124 The Applicant in his statement attests that he told Mr Spokkreeff he made a complaint to the Board before 16 August. This claim is apparently inconsistent with the account given in cross-examination. However, in determining a s 111(1) our task is not to sieve through the Applicant’s evidence and draw conclusions on any apparent inconsistencies. Rather, we are obliged to take the Applicant’s evidence at its highest. On that basis, we conclude that there is some material on which to base a finding that the Club, through Mr Spokkreeff, knew that the Applicant had, or intended to, make a complaint to the Board.
125 It is not enough that the Applicant point to some evidence that may indicate that the Club, through its officers or employees, knew a complaint of discrimination had been or might be made. There must be some evidence that the Club acted on that knowledge.
126 The stated reason the Respondent took the action it did was that it had legal advice that the annulment of the Applicant’s bankruptcy did not negate the operation of rule 16(b). It may be, on final analysis, that this apparently innocent and plausible explanation is accepted.

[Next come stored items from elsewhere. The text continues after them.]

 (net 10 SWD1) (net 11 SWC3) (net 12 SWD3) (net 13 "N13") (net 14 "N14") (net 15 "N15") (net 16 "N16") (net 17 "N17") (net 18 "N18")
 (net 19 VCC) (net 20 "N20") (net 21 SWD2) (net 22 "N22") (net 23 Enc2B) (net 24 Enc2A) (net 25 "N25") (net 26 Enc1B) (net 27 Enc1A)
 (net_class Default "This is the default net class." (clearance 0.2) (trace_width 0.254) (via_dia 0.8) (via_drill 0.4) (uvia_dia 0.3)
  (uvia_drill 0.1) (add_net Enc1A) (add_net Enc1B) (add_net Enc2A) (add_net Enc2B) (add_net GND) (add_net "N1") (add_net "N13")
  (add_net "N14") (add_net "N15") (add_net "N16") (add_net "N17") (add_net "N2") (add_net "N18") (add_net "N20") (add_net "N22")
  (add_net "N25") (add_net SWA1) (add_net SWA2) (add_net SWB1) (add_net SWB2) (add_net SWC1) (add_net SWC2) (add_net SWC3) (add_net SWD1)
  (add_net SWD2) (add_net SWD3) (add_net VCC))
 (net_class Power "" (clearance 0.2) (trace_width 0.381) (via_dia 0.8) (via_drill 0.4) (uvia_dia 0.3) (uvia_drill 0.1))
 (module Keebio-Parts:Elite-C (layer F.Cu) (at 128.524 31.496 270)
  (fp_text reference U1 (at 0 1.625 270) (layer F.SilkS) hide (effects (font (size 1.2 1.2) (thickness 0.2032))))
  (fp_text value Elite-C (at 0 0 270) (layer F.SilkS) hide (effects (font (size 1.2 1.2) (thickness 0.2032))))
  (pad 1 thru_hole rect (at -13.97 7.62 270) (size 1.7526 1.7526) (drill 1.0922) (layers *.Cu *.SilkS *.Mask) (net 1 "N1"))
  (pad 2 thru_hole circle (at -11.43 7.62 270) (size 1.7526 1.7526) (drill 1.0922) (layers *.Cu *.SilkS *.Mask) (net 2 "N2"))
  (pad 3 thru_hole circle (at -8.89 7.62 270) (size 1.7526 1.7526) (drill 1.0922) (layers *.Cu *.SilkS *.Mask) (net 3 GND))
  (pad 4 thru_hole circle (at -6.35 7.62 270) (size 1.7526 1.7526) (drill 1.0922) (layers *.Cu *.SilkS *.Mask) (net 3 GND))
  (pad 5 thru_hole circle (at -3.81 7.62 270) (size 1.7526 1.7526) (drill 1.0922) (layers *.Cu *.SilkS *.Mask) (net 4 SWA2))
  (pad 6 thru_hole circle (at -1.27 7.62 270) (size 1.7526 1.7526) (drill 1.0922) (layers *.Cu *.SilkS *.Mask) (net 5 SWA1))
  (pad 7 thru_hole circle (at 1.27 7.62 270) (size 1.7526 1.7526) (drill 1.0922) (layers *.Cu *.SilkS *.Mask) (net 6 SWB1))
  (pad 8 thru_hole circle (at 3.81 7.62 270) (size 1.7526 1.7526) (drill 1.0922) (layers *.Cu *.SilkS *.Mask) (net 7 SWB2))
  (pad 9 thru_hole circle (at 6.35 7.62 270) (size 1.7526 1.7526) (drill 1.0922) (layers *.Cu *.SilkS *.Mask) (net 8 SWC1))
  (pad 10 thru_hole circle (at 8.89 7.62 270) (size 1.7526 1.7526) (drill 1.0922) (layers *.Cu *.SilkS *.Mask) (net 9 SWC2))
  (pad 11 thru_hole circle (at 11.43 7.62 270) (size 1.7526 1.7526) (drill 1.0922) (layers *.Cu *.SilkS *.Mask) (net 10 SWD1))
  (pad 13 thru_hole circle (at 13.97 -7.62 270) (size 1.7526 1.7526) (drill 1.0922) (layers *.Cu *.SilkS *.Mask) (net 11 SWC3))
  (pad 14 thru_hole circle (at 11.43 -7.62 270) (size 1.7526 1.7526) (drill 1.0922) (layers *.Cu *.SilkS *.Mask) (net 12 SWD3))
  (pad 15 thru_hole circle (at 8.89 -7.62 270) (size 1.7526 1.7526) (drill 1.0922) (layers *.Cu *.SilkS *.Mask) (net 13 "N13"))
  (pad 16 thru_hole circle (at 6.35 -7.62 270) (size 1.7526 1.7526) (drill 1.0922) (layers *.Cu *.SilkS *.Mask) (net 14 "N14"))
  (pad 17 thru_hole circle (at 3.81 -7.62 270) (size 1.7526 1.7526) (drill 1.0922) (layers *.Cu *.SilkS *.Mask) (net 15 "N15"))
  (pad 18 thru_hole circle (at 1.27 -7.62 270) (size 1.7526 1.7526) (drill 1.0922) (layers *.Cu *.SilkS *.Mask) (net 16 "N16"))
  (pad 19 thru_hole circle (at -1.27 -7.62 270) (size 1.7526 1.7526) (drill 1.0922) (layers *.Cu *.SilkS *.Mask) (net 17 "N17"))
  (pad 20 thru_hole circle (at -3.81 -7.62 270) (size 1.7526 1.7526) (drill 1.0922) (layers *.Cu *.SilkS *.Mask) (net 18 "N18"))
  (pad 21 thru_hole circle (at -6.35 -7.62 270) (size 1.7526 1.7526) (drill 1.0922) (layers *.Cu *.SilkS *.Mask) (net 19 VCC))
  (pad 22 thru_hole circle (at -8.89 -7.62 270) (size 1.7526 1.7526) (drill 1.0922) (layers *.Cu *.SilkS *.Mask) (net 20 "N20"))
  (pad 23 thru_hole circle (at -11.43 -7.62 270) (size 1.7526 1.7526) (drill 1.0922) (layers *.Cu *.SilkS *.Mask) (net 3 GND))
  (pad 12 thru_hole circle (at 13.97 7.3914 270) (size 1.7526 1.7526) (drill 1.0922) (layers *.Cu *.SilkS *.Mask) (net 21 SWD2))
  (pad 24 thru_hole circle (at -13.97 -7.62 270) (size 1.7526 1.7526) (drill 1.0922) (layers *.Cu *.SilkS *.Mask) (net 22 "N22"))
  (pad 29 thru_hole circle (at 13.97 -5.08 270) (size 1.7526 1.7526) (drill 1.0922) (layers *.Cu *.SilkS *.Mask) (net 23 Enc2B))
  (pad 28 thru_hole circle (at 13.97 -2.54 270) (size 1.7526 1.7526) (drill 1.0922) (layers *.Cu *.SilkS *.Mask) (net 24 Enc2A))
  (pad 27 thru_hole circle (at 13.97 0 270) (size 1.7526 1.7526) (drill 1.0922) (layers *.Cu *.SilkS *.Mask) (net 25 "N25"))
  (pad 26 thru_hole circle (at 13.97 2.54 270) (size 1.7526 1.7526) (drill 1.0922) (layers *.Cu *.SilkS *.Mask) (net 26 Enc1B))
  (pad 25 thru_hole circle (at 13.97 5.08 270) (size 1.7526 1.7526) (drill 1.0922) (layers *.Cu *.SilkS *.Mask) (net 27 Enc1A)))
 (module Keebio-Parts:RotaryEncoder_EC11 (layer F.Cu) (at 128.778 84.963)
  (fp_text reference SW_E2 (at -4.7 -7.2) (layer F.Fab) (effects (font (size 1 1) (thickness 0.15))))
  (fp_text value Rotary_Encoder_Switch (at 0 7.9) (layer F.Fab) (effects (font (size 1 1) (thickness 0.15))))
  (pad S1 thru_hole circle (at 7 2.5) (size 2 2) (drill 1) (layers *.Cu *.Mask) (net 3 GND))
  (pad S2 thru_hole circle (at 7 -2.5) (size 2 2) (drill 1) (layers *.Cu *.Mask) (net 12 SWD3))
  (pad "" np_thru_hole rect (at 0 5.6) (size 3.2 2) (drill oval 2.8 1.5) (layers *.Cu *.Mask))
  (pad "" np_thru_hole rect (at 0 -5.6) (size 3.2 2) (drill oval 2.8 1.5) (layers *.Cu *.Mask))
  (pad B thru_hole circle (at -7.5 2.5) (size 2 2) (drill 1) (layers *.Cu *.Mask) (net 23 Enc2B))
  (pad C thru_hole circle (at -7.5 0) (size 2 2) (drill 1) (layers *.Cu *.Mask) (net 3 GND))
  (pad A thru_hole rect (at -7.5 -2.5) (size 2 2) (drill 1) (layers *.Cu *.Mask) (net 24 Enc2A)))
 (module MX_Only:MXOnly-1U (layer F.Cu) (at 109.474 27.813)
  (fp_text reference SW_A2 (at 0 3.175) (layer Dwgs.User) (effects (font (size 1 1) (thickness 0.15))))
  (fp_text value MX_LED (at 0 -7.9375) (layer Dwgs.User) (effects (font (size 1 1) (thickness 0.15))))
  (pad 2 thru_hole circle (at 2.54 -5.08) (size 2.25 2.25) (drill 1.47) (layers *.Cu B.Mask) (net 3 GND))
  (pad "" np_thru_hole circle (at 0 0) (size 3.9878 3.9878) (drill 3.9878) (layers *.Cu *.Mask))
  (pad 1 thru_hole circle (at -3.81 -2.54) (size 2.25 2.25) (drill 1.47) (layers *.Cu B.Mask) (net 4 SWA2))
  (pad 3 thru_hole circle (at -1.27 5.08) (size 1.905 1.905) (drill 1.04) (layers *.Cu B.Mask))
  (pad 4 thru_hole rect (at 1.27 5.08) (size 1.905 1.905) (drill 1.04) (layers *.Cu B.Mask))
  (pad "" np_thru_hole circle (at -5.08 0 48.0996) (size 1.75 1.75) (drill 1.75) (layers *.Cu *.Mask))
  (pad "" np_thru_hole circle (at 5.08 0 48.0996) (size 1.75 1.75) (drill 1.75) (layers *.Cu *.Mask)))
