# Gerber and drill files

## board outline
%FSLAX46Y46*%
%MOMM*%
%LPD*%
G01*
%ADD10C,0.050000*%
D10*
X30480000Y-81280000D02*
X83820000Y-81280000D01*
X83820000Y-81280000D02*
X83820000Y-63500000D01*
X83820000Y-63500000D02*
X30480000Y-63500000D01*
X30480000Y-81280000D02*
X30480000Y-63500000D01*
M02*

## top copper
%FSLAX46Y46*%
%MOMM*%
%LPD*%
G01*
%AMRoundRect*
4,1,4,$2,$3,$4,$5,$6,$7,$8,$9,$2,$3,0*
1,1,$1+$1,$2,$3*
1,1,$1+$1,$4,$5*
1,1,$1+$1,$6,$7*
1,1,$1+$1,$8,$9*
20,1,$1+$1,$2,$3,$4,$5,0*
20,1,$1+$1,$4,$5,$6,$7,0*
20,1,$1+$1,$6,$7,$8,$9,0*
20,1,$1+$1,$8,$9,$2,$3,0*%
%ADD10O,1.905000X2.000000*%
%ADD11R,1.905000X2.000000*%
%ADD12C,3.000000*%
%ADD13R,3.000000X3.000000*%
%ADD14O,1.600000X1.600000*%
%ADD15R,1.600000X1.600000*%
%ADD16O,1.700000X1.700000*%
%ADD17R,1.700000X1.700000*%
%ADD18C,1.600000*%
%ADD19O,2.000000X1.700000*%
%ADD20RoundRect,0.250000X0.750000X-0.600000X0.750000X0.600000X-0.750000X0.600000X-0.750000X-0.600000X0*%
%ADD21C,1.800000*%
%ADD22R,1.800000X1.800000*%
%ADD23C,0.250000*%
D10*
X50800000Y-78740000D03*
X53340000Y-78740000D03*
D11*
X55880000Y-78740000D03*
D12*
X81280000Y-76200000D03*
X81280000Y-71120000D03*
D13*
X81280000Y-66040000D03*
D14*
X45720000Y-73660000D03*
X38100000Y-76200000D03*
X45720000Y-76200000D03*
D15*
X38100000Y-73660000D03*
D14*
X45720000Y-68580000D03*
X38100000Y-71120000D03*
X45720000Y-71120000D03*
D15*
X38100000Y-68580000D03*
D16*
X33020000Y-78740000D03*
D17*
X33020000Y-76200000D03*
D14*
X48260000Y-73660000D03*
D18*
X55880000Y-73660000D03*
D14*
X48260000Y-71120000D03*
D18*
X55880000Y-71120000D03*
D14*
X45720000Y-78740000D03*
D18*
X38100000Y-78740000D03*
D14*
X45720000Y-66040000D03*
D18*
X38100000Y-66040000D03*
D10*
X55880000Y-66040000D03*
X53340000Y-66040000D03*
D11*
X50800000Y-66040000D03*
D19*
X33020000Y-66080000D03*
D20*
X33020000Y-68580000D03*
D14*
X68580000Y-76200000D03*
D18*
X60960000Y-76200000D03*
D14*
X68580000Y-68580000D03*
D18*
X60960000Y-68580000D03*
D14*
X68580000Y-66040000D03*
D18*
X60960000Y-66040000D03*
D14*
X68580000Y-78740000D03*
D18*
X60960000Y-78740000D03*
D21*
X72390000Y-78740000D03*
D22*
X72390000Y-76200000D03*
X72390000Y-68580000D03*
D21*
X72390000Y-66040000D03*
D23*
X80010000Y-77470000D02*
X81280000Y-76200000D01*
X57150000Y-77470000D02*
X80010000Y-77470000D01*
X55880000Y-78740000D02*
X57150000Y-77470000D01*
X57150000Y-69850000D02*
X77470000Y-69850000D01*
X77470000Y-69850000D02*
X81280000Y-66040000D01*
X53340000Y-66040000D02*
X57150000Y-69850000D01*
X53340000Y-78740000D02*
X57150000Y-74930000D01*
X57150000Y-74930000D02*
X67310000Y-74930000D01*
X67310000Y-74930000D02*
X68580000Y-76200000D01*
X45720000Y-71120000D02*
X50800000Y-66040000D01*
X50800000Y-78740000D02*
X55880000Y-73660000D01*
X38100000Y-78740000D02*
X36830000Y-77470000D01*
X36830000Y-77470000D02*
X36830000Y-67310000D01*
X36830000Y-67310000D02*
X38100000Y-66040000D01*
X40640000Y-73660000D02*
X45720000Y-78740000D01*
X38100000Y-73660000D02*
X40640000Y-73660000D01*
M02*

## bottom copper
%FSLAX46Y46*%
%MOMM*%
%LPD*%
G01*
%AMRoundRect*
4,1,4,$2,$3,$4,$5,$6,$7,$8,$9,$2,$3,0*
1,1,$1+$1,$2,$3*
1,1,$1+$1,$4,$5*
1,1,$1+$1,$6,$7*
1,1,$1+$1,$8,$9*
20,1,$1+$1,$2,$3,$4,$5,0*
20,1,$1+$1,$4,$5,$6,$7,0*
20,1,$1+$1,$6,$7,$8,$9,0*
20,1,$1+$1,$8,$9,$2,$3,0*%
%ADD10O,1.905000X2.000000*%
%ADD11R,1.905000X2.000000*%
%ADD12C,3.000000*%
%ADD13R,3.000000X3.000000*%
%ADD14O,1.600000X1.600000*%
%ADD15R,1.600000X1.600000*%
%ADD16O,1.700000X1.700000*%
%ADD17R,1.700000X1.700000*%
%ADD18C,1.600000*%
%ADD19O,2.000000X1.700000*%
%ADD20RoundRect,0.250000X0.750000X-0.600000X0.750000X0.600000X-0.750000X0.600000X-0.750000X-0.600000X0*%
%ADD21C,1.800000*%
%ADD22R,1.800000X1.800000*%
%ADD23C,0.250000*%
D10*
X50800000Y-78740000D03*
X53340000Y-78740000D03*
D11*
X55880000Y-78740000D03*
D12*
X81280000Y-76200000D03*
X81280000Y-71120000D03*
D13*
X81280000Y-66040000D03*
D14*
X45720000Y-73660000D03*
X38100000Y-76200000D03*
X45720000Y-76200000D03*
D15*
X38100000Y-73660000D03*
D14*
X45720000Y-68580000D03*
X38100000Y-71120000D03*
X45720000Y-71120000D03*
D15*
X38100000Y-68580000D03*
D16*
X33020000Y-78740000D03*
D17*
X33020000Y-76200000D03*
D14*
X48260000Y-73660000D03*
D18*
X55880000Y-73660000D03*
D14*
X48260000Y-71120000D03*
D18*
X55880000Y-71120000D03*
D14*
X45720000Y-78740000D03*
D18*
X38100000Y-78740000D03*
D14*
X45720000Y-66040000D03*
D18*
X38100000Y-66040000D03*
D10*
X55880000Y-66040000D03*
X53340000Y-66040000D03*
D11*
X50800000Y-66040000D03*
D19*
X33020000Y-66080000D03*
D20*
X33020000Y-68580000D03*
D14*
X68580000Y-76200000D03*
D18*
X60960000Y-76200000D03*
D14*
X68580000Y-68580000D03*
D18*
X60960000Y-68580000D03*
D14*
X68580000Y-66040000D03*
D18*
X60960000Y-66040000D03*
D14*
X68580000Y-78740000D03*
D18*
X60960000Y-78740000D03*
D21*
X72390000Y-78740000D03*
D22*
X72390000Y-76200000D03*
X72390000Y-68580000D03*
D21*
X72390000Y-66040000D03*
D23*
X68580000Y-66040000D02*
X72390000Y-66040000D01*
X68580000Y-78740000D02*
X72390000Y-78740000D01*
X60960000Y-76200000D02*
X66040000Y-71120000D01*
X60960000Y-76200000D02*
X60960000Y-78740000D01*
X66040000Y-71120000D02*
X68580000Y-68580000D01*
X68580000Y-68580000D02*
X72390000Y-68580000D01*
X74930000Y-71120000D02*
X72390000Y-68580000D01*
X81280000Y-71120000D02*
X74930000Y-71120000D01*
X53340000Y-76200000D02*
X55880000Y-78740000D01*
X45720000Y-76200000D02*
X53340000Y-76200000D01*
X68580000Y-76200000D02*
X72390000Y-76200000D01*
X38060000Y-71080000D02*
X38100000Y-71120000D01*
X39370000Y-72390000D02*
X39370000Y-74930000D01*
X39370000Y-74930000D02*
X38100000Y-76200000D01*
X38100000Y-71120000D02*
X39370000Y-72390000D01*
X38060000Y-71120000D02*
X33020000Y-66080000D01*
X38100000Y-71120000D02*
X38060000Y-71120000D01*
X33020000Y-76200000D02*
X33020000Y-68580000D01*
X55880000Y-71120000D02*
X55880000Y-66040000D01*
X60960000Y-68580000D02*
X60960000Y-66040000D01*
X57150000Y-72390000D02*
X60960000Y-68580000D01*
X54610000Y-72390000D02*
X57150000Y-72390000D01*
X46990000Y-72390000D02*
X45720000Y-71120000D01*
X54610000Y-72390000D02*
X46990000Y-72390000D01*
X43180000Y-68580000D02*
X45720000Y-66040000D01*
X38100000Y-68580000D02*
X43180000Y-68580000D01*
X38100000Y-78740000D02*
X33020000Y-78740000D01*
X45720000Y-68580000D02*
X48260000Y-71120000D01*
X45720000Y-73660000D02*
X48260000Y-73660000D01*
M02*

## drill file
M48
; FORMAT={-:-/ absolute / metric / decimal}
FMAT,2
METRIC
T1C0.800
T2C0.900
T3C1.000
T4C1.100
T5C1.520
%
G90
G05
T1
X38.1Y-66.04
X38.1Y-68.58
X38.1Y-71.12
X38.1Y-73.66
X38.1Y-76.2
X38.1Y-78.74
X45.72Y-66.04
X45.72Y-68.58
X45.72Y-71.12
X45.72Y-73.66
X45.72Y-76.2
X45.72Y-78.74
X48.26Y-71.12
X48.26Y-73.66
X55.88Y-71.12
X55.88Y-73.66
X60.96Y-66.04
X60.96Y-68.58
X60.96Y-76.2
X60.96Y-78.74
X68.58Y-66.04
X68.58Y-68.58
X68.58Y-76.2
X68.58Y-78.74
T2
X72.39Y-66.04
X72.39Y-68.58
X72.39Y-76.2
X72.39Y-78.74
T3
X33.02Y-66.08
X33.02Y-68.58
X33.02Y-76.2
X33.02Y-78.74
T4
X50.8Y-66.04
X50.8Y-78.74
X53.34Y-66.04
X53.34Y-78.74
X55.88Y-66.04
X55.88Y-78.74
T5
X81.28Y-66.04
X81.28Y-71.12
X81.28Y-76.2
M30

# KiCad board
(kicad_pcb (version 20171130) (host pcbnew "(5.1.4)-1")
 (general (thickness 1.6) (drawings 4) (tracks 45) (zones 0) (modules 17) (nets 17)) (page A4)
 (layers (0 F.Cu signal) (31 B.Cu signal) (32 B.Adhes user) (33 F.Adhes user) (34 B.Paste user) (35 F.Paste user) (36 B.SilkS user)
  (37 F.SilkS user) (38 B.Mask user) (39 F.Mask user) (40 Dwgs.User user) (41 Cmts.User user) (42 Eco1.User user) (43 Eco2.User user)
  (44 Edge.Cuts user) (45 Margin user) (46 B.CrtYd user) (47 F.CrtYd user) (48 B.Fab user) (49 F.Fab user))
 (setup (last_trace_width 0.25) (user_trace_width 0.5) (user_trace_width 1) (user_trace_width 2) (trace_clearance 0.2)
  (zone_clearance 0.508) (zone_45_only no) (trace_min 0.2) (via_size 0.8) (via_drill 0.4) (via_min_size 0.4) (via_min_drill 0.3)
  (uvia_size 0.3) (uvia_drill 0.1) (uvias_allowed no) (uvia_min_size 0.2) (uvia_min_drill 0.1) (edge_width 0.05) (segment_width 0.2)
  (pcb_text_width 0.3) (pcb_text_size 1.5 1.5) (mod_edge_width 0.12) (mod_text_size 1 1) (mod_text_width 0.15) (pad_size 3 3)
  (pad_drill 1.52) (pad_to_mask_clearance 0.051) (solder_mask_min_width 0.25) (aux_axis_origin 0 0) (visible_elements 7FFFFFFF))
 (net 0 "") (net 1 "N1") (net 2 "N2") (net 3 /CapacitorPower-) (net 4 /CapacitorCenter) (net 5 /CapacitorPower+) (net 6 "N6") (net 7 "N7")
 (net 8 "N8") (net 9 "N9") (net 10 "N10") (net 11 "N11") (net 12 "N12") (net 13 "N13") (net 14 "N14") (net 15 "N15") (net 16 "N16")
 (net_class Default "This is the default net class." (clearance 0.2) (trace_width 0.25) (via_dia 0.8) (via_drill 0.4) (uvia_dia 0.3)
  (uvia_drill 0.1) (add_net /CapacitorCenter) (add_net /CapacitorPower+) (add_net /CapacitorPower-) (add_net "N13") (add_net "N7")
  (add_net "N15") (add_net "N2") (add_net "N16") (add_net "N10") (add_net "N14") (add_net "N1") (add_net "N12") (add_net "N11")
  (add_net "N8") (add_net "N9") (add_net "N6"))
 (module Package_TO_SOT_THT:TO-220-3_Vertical (layer F.Cu) (at 55.88 78.74 180)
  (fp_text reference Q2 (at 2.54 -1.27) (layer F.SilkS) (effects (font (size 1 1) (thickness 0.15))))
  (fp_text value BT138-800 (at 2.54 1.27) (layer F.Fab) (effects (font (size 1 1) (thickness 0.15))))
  (pad 3 thru_hole oval (at 5.08 0 180) (size 1.905 2) (drill 1.1) (layers *.Cu *.Mask) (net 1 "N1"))
  (pad 2 thru_hole oval (at 2.54 0 180) (size 1.905 2) (drill 1.1) (layers *.Cu *.Mask) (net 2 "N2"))
  (pad 1 thru_hole rect (at 0 0 180) (size 1.905 2) (drill 1.1) (layers *.Cu *.Mask) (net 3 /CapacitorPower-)))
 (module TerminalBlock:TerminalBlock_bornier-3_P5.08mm (layer F.Cu) (at 81.28 66.04 270)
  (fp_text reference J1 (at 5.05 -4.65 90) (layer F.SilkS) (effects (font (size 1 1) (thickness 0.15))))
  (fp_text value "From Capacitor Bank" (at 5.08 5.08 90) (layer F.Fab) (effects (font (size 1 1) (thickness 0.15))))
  (pad 3 thru_hole circle (at 10.16 0 270) (size 3 3) (drill 1.52) (layers *.Cu *.Mask) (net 3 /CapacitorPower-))
  (pad 2 thru_hole circle (at 5.08 0 270) (size 3 3) (drill 1.52) (layers *.Cu *.Mask) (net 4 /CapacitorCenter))
  (pad 1 thru_hole rect (at 0 0 270) (size 3 3) (drill 1.52) (layers *.Cu *.Mask) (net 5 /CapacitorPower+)))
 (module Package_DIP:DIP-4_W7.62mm (layer F.Cu) (at 38.1 73.66)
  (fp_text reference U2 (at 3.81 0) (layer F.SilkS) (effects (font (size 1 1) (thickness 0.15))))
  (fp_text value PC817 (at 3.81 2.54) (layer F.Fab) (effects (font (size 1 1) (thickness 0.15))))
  (pad 4 thru_hole oval (at 7.62 0) (size 1.6 1.6) (drill 0.8) (layers *.Cu *.Mask) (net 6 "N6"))
  (pad 2 thru_hole oval (at 0 2.54) (size 1.6 1.6) (drill 0.8) (layers *.Cu *.Mask) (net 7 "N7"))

However, for the purpose of this exercise we are obliged to ask whether there is any evidence to support a finding that the Club acted as it did on the grounds that the Applicant had, or intended to, make a complaint of discrimination. While there is no direct evidence of this, after careful analysis we conclude that there is some evidence that, if accepted, could support such inference being drawn. First, there is evidence that the Club, through Mr Goddall, had knowledge of the bankruptcy since 1997 but took no action until August 2001; second, there is evidence that the Club had before it legal advice that the annulment had voided the bankruptcy; third, there is evidence that prior to 16 August the Applicant told the Club that he intended to take the matter to the Anti-Discrimination Board. The issue would appear to be not whether it was reasonable for the Club to rely on its own legal advice but rather why it took no action earlier, or until this particular time, even though it had known of the fact of the bankruptcy for some time.
127 As we are satisfied that there is some evidence of the four elements necessary to establish a claim under s 50 of the Act, the Respondent’s application in relation to the second complaint must be dismissed.
Orders
1. The application is dismissed.
2. Matter to be set down for hearing at dates to be fixed by the Registrar.